# Bitte um Mithilfe bei Forschung



## lisasfu (6. Juni 2015)

Liebe Forenmitglieder,

Die Gamingindustrie erlangt durch die Medien und die Gesellschaft immer mehr an Aufmerksamkeit. Einerseits aufgrund der stetig wachsenden Gaming Communities andererseits aufgrund von negativen, stereotypen Medienberichten rücken Gamer und ihre Persönlichkeiten immer stärker in das Interesse der Öffentlichkeit. Wir sind Psychologiestudenten der Sigmund Freud Universität und möchten mithilfe unseres Fragebogens ein realistisches Bild von Spielerpersönlichkeiten darstellen. Wenn Du uns dabei unterstützen möchtest, bitten wir Dich unseren Fragebogen auszufüllen. Bei der beschrieben Untersuchung handelt es sich um eine wissenschaftliche Studie und ist daher selbstverständlich strikt anonym. 
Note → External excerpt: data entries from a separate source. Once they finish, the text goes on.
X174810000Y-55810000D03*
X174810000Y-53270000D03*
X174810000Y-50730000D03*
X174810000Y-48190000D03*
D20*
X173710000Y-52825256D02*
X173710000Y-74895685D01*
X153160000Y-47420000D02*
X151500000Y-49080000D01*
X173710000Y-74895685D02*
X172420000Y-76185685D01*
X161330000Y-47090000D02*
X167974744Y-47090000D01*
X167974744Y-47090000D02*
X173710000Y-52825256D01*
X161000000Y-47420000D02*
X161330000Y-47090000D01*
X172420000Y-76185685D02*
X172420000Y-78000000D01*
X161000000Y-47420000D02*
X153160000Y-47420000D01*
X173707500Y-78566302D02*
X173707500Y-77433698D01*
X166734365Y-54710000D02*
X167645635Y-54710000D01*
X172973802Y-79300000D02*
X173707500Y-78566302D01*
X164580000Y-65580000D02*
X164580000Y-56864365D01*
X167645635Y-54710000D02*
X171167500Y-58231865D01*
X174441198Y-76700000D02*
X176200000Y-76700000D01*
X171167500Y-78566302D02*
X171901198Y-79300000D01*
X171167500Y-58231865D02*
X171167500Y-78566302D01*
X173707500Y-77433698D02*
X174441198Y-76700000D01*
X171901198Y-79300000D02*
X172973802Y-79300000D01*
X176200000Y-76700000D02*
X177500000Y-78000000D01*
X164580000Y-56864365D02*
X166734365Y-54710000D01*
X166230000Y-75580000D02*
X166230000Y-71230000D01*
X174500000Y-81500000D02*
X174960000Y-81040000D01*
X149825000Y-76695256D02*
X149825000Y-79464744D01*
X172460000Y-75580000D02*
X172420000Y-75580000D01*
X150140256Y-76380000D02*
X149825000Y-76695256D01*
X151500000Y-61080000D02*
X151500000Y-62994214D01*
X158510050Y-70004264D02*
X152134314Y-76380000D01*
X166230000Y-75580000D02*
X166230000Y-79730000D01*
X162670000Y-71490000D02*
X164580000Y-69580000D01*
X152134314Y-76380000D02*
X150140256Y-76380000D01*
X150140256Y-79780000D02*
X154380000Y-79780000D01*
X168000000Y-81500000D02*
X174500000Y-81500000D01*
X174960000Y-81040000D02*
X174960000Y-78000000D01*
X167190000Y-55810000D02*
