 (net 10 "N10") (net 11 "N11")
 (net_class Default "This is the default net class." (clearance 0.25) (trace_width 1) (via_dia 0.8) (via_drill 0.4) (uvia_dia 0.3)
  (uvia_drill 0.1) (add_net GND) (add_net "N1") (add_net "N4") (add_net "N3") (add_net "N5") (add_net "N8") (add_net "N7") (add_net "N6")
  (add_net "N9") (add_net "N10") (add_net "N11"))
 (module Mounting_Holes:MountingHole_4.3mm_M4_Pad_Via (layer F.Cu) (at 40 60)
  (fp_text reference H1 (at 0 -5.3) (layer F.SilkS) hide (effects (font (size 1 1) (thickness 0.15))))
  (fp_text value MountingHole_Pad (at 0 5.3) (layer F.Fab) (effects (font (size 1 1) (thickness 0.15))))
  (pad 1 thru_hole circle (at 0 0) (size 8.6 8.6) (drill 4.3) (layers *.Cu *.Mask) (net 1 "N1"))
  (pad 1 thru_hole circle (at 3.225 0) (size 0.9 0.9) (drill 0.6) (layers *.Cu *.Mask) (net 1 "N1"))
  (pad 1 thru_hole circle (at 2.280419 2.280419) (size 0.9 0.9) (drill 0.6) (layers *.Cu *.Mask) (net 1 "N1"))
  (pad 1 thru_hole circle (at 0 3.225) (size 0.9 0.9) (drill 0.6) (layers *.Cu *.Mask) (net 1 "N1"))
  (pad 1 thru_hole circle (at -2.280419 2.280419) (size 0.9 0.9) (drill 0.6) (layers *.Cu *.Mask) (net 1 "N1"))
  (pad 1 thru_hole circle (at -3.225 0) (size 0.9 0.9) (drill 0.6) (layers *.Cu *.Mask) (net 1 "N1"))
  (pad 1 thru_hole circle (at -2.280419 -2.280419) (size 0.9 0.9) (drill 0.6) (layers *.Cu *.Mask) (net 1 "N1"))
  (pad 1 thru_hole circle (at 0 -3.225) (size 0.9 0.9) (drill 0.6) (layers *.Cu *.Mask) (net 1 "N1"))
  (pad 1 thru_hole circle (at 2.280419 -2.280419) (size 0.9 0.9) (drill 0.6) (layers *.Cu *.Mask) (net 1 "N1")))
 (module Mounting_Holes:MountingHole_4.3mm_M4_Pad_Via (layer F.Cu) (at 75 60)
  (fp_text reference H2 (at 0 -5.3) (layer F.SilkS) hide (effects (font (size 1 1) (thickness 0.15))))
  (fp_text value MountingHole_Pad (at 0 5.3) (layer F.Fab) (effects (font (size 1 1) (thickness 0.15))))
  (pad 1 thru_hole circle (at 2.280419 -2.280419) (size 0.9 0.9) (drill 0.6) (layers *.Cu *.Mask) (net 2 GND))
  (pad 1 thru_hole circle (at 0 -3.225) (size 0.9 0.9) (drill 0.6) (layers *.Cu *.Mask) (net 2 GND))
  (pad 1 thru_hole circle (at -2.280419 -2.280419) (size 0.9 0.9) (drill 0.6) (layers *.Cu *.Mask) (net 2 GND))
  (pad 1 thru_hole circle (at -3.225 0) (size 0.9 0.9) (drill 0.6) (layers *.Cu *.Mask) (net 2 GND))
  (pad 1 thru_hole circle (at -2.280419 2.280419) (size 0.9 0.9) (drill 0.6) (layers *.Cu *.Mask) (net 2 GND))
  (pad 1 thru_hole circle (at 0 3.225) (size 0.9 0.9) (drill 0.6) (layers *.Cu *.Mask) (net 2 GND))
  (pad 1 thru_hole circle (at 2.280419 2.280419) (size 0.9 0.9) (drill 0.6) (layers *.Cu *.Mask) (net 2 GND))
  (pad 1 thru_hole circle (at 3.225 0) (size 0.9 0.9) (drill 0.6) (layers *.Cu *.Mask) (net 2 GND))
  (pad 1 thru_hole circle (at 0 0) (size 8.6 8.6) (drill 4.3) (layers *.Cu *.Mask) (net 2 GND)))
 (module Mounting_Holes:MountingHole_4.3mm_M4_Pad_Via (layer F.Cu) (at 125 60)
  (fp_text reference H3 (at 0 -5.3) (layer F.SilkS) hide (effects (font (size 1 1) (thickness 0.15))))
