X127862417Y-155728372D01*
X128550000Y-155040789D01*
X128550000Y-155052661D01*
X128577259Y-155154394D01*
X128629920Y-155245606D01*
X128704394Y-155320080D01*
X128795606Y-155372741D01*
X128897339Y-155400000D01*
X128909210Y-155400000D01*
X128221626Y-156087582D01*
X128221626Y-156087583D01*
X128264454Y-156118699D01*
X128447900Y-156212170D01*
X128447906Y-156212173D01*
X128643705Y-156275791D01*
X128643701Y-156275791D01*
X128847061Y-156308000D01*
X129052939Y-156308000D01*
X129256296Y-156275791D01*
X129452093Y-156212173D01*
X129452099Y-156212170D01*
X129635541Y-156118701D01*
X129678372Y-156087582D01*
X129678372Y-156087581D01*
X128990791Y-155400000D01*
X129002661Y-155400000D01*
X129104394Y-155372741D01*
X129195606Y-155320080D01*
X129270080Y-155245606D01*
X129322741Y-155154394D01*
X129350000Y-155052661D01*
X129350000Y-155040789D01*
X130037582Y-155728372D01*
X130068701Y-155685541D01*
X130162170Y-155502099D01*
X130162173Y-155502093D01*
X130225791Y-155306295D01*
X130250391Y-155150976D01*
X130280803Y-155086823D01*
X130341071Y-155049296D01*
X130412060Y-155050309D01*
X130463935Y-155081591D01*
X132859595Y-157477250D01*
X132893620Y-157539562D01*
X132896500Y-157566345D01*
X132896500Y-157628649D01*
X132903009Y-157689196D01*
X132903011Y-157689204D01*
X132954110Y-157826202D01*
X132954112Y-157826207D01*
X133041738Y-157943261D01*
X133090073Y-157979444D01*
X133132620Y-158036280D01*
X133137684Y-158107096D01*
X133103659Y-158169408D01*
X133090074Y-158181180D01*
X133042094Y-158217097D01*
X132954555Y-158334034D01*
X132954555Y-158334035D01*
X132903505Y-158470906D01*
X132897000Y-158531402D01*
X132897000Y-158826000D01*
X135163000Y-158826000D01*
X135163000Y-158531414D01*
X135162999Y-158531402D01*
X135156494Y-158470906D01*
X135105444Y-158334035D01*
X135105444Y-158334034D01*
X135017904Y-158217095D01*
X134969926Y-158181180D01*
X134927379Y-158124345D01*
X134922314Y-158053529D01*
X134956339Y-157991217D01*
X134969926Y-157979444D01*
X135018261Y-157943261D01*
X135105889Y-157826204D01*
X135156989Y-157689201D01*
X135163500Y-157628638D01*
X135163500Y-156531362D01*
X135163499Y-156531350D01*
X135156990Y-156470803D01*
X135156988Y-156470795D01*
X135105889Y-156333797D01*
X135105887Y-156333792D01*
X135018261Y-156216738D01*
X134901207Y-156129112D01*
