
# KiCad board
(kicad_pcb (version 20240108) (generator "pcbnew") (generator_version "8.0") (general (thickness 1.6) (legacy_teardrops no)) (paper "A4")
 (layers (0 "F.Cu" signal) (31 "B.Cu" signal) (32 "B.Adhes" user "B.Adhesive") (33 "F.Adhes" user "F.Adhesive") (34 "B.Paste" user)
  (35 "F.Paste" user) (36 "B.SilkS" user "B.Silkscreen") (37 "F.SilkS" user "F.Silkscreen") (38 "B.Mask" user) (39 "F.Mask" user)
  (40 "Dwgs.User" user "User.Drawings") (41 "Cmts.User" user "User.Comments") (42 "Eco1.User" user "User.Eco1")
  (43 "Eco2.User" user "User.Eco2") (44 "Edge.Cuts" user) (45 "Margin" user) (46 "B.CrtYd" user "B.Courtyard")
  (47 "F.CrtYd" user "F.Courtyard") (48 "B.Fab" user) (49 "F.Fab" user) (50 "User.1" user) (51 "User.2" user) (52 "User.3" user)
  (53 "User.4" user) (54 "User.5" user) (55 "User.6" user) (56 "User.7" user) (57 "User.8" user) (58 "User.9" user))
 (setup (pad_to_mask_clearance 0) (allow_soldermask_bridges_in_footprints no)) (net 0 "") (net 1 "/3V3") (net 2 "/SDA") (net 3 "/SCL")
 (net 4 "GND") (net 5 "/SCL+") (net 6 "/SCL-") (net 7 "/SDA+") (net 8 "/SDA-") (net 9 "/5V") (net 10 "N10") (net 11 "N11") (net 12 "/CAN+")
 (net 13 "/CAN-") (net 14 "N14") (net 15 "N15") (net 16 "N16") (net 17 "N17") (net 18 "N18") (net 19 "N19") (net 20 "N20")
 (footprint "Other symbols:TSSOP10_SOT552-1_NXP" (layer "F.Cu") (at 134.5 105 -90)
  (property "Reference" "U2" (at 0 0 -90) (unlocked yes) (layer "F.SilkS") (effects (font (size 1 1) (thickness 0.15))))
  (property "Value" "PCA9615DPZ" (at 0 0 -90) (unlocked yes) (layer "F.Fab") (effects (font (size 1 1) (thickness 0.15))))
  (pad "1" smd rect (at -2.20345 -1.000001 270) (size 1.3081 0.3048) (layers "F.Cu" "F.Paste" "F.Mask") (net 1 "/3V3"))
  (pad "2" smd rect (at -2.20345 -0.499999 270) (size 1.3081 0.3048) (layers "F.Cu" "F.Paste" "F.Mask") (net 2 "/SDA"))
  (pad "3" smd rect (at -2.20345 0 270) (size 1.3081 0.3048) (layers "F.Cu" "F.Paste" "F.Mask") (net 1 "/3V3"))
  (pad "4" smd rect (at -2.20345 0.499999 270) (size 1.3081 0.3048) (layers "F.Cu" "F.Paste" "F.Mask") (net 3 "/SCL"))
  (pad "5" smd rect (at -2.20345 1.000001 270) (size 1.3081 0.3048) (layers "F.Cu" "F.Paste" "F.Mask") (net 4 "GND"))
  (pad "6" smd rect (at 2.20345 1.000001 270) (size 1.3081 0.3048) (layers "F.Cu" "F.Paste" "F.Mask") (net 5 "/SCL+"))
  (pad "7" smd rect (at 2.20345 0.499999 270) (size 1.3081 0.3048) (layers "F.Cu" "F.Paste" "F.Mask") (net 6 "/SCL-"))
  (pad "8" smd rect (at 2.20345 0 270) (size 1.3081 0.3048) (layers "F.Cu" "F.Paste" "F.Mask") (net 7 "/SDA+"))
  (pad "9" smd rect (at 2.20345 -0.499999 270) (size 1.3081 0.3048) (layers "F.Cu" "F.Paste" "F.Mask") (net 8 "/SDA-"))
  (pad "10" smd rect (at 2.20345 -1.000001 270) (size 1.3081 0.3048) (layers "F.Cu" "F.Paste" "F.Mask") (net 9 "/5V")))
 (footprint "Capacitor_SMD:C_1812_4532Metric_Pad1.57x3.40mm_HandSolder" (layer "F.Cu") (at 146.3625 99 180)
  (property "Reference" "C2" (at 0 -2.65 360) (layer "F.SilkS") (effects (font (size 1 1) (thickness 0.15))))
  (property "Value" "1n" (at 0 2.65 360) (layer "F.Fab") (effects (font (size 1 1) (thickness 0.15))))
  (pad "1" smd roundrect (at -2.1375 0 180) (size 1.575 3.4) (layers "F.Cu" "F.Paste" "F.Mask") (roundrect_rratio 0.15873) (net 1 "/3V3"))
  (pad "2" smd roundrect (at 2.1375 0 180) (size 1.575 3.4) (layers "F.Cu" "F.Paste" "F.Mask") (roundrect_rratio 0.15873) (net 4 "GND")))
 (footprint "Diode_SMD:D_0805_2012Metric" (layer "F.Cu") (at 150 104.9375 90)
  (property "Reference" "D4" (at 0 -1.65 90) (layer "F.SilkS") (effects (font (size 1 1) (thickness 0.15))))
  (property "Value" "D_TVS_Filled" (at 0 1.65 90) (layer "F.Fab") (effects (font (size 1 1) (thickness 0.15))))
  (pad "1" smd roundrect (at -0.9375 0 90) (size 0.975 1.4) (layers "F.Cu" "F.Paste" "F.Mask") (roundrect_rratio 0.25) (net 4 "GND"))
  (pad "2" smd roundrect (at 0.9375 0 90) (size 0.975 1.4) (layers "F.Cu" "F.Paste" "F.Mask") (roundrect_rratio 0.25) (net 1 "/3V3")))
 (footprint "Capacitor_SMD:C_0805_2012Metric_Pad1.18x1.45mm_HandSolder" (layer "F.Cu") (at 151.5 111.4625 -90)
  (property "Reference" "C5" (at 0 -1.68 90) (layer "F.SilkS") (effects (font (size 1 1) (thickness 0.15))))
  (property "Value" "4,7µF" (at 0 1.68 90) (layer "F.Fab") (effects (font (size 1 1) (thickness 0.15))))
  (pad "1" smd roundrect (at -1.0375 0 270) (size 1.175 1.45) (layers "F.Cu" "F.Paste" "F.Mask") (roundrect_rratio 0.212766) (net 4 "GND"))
Hier der Link zum Fragebogen:
https://www.soscisurvey.de/onlinegamingsfu/

Bei weiteren Fragen, kontaktiere uns jederzeit unter gaming.genres@psyprobe.org !

Vielen Dank im Voraus für Dein Interesse und Deine Unterstützung!

LG,
Lisa


----------



## Malkolm (6. Juni 2015)

Ich habs ja echt versucht...aber der Fragebogen ist echt schlecht, nach 25% hab ich aufgegeben


----------



## Amon (6. Juni 2015)

Ich schaue mir das später mal an, am Phone ist sowas immer doof.


----------



## Oromis16 (6. Juni 2015)

Also grad gut finde ich die meisten Fragen auch nicht....
Bei "sexuelle Orientierung" frag ich mich besonders....


----------



## Laudian (6. Juni 2015)

Da es jetzt schon einige Meldungen gab:

Dieser Thread wurde mit Stephan abgesprochen, deswegen bitte nicht weiter wegen Werbung melden 

MfG
Laudian


----------



## XeT (6. Juni 2015)

Ich mach den Test mal gerade zu ende. Der ist aber tatsächlich schlecht für die "Testobjekte". Die Fragen sind nicht neutral gestellt und gehen eigentlich oft nur in eine Richtung. Die viele Wiederholungen haben ja ihren Sinn. Aber vom Fragenaufbau und Inhalt graust es mir schon. Denn es wirkt eher als würde jemand mit dem Finger auf ein Zeigen die Vorurteile rausholen und ein immer wieder danach fragen.

edit: So fertig oO

Aus Games wird Online-Pornos und zack haben sich die Fragen verdoppelt.
Wenn man sich die Fragen anschaut, kommt mir die Frage: Warum macht man einen Fragebogen, ohne einen mit inhaltlichen Kenntnissen einzubeziehen. 
Die Fragen könnten eigentlich so von jemanden stammen der seine ganzen Kenntnisse zur Jungend und PC von Frontal 21 hat.


----------



## DOKTOR_IGNORANT (6. Juni 2015)

Hi lisasfu,
wer versichert uns Teilnehmern, das die allgemeinen Vorurteile gegen Gamern nicht einfach nur bestätigt werden wollen und wir Gamer deswegen wieder nur schlecht da stehen (siehe TV/Zeitung-Berichte etc)?!!
PS. Ich glaube nicht an eine gerechte, neutrale Auswertung der Daten.


----------



## Dr Bakterius (6. Juni 2015)

.... neulich bei den Nerds.


> Ich mach den Test mal gerade zu ende. Der ist aber tatsächlich schlecht für die "Testobjekte". Die Fragen sind nicht neutral gestellt und gehen eigentlich oft nur in eine Richtung. Die viele Wiederholungen haben ja ihren Sinn. Aber vom Fragenaufbau und Inhalt graust es mir schon. Denn es wirkt eher als würde jemand mit dem Finger auf ein Zeigen die Vorurteile rausholen und ein immer wieder danach fragen.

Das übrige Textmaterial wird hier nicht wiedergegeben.